Written by Maria Cecilia Guerra Wednesday, 14 May 2014 16:11 Print

Nonostante la crescita sempre più preoccupante della povertà, l’Italia è l’unico paese europeo in cui manchino misure efficaci per contrastarla. Una svolta importante si è avuta nel 2013 con l’elaborazione di un programma nazionale e universale di lotta all’indigenza denominato Sostegno all’inclusione attiva (SIA). Nonostante gli elementi di criticità emersi e le difficoltà di messa a punto delle procedure, i risultati della sperimentazione avviata sono incoraggianti e suggeriscono di non abbandonare il percorso intrapreso.

Povertà in crescita e politiche latitanti

Qualunque sia l’indicatore utilizzato per analizzarla, la povertà in Italia risulta essere alta rispetto alla media europea e, soprattutto, in costante crescita. Secondo gli ultimi dati Eurostat, il numero di individui a rischio di povertà o esclusione sociale nel nostro paese ha segnato, nel 2012, l’incremento maggiore all’interno dell’Unione europea, dal 28,2% del 2011 al 29,9%, secondo solo a quello registrato dalla Grecia; un livello superiore di circa cinque punti rispetto alla media europea. Delle tre dimensioni indagate dall’indicatore – rischio di povertà (reddito disponibile familiare equivalente inferiore al 60% del reddito mediano), grave deprivazione materiale (presenza di almeno quattro, su nove, sintomi di disagio, che riguardano, ad esempio, il non poter sostenere spese impreviste, l’avere arretrati per mutuo, affitto, bollette o altri debiti, il non potersi permettere un pasto adeguato ogni due giorni), bassa intensità lavorativa (componenti di età compresa tra i 18 e i 59 anni che lavorano, complessivamente, meno del 20% del loro tempo di lavoro potenziale) – è quella relativa alla deprivazione materiale a subire i maggiori incrementi: dall’11,2 al 14,5%. Questo dato fa da pendant con quello fornito nell’estate scorsa dall’Istat, secondo cui le famiglie in povertà assoluta, nel 2012, erano 1.725.000 (il 6,8% delle famiglie residenti), per un totale di 4.814.000 individui (1,8% dell’intera popolazione), e l’aumento dell’incidenza della povertà assoluta tra il 2011 e il 2012 non solo è stato significativo (dal 5,2 al 6,8%) ma ha anche interessato tutte e tre le ripartizioni territoriali.
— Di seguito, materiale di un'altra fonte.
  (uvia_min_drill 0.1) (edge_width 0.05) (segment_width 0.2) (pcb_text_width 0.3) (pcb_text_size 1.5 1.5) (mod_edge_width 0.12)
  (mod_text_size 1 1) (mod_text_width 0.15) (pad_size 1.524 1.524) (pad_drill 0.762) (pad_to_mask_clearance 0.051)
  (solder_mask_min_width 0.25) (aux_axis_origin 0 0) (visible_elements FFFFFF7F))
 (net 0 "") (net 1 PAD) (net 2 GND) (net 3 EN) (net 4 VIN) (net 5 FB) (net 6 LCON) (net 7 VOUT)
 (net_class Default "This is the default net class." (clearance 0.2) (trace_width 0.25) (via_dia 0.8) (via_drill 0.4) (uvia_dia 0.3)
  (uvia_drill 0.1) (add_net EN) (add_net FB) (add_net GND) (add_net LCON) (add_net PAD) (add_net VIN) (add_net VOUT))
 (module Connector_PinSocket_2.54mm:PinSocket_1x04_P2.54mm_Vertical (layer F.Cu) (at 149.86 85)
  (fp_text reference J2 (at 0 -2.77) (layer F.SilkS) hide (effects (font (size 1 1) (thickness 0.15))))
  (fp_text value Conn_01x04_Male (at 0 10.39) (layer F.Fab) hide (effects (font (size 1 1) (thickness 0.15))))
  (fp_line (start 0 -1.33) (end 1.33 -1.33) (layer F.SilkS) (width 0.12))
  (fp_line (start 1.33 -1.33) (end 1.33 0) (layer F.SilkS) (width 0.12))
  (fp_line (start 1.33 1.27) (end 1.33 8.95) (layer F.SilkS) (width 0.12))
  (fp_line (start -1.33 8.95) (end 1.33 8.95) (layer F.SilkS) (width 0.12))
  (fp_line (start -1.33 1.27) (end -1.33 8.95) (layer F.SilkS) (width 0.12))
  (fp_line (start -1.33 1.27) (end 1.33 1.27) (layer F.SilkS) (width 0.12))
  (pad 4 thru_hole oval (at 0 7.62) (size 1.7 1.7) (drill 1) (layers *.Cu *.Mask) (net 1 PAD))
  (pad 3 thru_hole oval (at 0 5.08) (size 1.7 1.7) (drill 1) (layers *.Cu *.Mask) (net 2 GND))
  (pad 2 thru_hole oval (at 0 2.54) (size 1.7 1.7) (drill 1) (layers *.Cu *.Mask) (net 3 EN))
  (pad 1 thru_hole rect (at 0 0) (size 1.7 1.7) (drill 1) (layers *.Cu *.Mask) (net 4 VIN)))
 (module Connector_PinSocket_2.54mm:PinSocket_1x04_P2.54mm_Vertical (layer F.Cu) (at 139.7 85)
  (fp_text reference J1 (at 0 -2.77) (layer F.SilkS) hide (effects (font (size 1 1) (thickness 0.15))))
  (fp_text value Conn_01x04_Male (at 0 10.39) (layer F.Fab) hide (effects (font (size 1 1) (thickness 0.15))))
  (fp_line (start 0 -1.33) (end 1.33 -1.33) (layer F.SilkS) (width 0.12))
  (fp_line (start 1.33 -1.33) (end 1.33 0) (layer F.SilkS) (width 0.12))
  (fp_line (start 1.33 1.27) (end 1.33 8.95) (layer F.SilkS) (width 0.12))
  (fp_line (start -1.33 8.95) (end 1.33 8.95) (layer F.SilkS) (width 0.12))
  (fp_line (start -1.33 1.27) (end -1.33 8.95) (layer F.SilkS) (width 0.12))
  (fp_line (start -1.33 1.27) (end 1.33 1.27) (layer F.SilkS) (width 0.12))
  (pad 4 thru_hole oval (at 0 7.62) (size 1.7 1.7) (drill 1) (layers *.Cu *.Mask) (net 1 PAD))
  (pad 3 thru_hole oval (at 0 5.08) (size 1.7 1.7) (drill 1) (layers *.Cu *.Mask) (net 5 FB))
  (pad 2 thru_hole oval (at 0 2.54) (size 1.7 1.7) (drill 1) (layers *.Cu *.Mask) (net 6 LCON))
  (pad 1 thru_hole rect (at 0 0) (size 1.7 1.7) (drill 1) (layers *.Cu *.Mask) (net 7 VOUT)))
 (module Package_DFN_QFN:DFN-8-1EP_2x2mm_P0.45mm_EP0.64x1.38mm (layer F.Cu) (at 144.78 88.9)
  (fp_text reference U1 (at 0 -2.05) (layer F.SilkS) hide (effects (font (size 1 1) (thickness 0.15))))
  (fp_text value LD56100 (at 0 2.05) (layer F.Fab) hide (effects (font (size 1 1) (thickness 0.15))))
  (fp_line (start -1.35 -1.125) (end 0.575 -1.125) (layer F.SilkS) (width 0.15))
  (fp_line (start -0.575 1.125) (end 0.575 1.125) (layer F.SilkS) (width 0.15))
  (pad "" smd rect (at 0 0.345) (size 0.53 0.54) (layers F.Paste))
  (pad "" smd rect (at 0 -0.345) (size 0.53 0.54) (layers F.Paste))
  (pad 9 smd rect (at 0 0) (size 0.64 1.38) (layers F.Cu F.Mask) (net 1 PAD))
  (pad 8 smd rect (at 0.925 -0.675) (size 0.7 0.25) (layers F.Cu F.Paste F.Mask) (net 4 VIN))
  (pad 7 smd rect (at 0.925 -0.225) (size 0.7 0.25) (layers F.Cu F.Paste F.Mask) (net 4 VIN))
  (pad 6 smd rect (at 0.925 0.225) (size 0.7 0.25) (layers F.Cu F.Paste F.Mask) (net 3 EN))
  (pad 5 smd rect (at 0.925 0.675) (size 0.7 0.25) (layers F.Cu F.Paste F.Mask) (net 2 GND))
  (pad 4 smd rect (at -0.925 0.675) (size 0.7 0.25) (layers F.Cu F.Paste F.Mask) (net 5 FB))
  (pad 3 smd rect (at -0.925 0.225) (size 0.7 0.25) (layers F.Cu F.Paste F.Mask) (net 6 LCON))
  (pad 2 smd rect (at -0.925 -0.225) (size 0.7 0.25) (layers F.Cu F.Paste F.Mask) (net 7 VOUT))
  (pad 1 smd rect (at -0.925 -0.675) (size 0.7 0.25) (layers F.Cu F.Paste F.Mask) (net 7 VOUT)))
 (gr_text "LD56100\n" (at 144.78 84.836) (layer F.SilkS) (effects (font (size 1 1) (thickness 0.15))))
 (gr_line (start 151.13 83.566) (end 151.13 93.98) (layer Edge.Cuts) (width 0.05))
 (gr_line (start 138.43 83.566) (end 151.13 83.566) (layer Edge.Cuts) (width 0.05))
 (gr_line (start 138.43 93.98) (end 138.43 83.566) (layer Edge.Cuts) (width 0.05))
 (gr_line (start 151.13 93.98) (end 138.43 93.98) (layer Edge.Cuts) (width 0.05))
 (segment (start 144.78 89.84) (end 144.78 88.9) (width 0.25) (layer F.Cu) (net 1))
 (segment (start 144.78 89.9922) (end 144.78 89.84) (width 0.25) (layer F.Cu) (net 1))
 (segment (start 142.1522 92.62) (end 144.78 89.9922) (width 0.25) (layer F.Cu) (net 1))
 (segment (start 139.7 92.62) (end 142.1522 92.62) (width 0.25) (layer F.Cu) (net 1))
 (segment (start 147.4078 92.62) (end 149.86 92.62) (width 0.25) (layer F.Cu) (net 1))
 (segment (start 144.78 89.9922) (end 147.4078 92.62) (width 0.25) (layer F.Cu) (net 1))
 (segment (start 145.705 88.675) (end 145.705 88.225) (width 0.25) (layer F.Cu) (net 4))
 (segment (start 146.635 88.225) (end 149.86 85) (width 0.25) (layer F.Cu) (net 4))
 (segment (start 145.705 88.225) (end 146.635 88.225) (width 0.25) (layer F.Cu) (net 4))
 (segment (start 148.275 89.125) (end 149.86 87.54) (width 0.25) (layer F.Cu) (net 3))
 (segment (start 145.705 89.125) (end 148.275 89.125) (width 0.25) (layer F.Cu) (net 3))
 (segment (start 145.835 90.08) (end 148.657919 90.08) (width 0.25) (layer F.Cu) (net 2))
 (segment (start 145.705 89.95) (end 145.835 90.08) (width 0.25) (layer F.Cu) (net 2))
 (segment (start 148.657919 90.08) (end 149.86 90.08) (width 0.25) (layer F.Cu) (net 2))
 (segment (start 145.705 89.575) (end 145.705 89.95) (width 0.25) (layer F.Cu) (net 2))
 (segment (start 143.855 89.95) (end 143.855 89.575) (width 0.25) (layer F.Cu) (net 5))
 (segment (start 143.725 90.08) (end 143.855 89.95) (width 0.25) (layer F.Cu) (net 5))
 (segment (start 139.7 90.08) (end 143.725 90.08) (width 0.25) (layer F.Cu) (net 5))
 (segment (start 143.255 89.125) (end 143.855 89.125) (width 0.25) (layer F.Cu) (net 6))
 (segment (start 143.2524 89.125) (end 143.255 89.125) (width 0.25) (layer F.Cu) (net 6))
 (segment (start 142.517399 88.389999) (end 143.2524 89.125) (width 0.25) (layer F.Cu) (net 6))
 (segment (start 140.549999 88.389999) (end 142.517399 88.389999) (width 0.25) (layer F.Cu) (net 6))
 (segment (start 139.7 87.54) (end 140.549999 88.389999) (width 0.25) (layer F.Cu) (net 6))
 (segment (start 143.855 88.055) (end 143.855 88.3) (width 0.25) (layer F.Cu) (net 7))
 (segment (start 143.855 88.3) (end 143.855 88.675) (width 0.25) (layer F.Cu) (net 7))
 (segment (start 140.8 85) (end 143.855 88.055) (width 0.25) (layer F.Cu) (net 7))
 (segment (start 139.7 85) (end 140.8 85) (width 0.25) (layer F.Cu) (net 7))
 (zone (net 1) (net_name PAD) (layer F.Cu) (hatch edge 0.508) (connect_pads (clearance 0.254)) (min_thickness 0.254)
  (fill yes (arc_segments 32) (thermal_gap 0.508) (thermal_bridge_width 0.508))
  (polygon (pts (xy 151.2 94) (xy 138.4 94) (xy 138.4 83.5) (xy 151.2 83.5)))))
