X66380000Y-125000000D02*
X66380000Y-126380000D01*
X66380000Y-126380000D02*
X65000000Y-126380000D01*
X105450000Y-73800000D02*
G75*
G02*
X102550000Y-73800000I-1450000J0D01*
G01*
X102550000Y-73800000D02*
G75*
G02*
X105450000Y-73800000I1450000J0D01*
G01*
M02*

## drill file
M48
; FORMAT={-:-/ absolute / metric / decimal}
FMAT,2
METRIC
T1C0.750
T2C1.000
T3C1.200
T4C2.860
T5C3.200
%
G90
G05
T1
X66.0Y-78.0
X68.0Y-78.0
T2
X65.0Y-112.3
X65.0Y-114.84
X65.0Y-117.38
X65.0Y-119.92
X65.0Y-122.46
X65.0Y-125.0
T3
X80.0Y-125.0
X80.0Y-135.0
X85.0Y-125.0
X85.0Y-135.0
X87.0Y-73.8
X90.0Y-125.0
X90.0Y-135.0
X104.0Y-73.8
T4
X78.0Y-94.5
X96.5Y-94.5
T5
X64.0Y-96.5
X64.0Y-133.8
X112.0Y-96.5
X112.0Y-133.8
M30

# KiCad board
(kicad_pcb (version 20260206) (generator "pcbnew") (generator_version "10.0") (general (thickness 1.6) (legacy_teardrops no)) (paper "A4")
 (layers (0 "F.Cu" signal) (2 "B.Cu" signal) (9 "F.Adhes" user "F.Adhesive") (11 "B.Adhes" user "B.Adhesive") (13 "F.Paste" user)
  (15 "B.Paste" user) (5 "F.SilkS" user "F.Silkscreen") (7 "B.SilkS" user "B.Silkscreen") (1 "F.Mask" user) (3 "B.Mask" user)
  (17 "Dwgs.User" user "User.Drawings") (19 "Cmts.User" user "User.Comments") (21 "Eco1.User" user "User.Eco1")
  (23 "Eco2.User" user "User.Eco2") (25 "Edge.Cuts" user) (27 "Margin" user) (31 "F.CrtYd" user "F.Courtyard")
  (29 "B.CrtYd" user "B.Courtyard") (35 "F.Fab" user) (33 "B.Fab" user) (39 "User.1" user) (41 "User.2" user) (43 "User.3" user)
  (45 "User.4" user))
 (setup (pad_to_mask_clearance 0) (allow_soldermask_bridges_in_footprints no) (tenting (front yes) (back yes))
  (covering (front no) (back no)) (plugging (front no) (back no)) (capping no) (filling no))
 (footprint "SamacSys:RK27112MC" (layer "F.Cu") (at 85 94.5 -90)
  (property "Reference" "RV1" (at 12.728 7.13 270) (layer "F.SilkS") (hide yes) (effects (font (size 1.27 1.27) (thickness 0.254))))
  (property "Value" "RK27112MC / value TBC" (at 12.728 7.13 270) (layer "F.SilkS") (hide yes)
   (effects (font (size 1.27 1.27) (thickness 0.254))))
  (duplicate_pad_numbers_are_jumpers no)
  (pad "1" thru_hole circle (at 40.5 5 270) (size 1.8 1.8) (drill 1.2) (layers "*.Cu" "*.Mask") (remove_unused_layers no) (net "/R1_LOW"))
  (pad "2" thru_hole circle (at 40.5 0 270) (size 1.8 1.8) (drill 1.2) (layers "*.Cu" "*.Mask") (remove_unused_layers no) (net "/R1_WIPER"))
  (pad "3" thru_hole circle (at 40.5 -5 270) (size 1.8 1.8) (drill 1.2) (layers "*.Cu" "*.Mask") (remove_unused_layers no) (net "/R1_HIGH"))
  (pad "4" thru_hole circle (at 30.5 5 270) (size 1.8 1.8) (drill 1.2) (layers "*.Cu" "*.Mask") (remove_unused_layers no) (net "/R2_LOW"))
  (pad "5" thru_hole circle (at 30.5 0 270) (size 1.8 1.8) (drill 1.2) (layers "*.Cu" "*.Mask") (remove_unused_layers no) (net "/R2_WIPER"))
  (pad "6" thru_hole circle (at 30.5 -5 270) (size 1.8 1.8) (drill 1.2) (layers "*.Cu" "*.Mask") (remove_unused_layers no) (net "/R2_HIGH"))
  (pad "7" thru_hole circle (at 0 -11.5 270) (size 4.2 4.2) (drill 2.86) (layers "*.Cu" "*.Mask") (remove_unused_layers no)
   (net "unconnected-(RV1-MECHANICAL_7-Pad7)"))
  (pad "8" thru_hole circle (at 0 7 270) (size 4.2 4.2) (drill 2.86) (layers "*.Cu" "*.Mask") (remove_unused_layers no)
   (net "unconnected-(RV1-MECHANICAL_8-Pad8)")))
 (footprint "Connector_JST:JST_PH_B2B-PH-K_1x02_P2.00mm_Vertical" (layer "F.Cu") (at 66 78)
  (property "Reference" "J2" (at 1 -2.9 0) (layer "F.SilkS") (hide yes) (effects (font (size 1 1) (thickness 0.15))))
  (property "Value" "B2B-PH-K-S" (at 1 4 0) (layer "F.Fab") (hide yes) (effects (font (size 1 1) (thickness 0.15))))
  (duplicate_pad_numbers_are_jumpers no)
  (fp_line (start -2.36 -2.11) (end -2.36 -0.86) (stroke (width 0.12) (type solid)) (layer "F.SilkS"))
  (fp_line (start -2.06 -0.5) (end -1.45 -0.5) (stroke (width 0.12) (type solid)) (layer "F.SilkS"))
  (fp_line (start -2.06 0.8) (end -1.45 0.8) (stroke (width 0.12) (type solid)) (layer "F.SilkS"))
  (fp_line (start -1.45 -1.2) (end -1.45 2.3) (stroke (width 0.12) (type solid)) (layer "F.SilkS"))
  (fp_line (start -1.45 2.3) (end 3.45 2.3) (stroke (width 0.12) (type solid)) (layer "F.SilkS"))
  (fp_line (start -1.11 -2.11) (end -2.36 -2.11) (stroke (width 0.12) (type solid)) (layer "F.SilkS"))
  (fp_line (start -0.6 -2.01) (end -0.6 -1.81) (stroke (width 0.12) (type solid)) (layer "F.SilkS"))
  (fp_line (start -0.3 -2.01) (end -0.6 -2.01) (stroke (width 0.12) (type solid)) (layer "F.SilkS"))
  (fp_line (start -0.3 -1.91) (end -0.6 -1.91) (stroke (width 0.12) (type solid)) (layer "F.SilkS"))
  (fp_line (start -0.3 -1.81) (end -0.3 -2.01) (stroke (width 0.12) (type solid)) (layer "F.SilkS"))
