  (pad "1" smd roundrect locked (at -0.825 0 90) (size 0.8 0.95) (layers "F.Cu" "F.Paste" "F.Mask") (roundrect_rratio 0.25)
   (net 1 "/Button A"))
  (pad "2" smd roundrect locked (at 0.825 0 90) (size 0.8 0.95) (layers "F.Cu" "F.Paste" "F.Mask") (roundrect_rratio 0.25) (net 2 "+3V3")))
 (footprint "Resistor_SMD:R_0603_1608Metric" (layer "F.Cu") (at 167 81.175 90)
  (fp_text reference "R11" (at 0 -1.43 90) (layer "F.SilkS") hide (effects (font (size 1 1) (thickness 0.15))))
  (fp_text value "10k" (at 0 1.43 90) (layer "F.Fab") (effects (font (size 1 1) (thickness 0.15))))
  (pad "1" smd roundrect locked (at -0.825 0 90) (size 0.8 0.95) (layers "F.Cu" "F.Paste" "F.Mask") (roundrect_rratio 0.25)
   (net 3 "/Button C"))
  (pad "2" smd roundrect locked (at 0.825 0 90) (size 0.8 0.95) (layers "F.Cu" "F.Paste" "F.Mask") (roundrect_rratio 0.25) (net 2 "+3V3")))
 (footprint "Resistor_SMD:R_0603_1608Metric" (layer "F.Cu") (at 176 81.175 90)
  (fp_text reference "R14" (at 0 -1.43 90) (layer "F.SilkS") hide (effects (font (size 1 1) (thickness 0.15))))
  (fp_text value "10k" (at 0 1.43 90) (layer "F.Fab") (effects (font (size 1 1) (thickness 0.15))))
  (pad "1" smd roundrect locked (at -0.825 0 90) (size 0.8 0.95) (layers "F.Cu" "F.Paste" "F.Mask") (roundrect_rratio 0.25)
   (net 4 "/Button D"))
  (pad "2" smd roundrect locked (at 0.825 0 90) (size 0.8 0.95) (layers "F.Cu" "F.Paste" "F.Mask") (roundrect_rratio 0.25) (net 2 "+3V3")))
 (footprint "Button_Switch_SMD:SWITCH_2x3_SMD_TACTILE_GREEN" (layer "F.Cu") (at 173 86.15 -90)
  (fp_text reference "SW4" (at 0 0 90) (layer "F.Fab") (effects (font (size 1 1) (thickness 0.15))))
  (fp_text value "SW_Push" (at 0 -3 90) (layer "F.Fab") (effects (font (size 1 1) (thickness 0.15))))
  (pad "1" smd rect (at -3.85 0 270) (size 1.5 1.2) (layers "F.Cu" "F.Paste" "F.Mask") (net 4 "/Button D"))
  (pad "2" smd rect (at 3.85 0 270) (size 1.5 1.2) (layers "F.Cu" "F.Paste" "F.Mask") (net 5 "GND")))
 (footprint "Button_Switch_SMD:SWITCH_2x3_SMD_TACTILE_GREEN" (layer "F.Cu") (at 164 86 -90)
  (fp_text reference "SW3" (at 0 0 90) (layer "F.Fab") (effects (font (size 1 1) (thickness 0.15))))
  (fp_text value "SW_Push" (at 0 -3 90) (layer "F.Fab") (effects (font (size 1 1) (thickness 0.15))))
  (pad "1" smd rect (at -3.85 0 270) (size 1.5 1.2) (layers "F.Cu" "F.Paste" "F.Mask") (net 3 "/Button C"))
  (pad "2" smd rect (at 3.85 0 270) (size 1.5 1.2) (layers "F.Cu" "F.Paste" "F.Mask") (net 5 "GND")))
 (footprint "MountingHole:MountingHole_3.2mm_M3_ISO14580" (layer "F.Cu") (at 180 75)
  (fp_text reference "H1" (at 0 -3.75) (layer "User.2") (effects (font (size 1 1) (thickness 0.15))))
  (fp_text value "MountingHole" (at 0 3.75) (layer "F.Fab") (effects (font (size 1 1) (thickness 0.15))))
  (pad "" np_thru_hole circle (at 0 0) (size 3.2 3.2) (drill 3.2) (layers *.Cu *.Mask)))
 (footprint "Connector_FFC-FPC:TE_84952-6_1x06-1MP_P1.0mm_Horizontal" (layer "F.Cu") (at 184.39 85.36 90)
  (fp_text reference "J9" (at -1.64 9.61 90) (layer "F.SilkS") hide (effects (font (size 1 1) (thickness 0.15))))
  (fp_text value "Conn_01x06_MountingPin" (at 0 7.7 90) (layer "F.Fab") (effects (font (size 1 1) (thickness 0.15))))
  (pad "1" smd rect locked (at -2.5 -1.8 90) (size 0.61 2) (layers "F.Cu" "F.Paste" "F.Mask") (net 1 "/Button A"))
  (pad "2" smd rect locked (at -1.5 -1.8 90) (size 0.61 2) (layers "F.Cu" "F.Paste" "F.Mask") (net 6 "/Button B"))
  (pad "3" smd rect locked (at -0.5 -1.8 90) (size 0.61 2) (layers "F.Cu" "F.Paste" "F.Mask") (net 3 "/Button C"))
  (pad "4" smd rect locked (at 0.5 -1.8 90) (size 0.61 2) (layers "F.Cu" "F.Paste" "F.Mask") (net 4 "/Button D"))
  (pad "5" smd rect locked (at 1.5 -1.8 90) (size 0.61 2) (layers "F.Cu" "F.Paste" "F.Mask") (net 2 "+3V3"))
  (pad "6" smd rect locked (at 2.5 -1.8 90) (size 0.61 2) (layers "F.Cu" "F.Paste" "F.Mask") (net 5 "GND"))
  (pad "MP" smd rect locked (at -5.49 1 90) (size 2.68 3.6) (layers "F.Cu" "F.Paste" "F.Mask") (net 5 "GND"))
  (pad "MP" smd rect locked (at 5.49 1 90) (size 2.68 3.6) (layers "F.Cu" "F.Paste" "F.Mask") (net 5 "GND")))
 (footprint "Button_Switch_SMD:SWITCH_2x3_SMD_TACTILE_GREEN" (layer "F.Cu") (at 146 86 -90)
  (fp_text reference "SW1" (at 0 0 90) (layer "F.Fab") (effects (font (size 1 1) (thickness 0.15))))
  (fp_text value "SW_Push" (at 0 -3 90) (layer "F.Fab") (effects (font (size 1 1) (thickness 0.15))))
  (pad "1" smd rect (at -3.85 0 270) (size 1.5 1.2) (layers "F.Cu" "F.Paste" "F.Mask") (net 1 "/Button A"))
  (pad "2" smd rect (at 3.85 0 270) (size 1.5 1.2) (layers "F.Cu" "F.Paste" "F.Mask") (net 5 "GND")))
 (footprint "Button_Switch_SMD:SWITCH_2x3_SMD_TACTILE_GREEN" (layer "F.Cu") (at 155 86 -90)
A fronte di questa situazione allarmante, il nostro è l’unico paese dell’Europa a 15 che, assieme alla Grecia, non si sia ancora dotato di una misura nazionale, universale, di contrasto alla povertà che renda possibile a tutte le persone povere l’accesso a un paniere di beni ritenuto decoroso in relazione agli stili di vita prevalenti. Le misure nazionali, in larga parte insufficienti rispetto al bisogno, che sono state attivate nel tempo sono di natura categoriale: pensioni e assegno sociale per gli anziani poveri, assegno alle famiglie povere con almeno tre figli, a cui si potrebbe aggiungere anche la pensione di invalidità civile in quanto sostegno alle persone con disabilità soggetto però a una prova dei mezzi.

 

Il Sostegno all’inclusione attiva (SIA) Il 2013 ha segnato un punto importante di svolta nell’attenzione dedicata sia al disegno di un intervento a regime, sia all’individuazione di un percorso per la sua effettiva implementazione. Per quanto riguarda il disegno, un apposito gruppo di lavoro, istituito dal ministro Giovannini e che ho avuto l’onore di presiedere, ha individuato i tratti essenziali che, a regime, dovrebbero caratterizzare un programma di contrasto alla povertà, denominato Sostegno all’inclusione attiva (SIA).1 Deve, innanzitutto, trattarsi di un programma nazionale e universale: che riguardi, cioè, tutti coloro che si trovano in condizione di povertà, indipendentemente da dove risiedano o dal fatto che appartengano o meno a una determinata categoria. Questa scelta risponde sia a un fondamentale principio di equità (l’uguaglianza di fronte al bisogno), sia a un principio di efficienza (evitare una mobilità geografica verso le aree in cui vengono garantite, dagli enti decentrati, maggiori tutele). Il SIA deve essere indirizzato anche agli immigrati legalmente residenti, condizionatamente al soddisfacimento di un periodo, minimo, di residenza. L’ammontare del sostegno economico riconosciuto ai nuclei familiari poveri deve essere pari alla differenza tra l’ammontare di risorse economiche di cui essi dispongono e il costo di mercato di un paniere di consumo di beni e servizi che rappresenta la soglia di povertà presa a riferimento dalla misura e che deve essere articolato in relazione alla composizione del nucleo familiare e alle differenze territoriali nel costo della vita.

Il SIA non è solo un sussidio economico: è un programma di inserimento sociale e lavorativo. Il nucleo familiare che beneficia del trasferimento monetario è infatti chiamato a stipulare e rispettare un patto di inserimento con i servizi sociali degli enti locali come condizione per potere beneficiare dell’intervento. I servizi sociali, per parte loro, si impegnano a favorire con servizi di accompagnamento il processo di inclusione e di attivazione sociale di tutti i membri del nucleo. Si impegnano cioè, ad esempio, a promuovere, in collegamento con i centri per l’impiego, la partecipazione al mercato del lavoro degli adulti, anche attraverso esperienze formative e di riqualificazione professionale. Esigono, e controllano, ma a un tempo aiutano, in collegamento con le scuole e con il sistema sanitario, l’assolvimento da parte dei minori dell’obbligo scolastico e il rispetto dei protocolli delle visite sanitarie pediatriche.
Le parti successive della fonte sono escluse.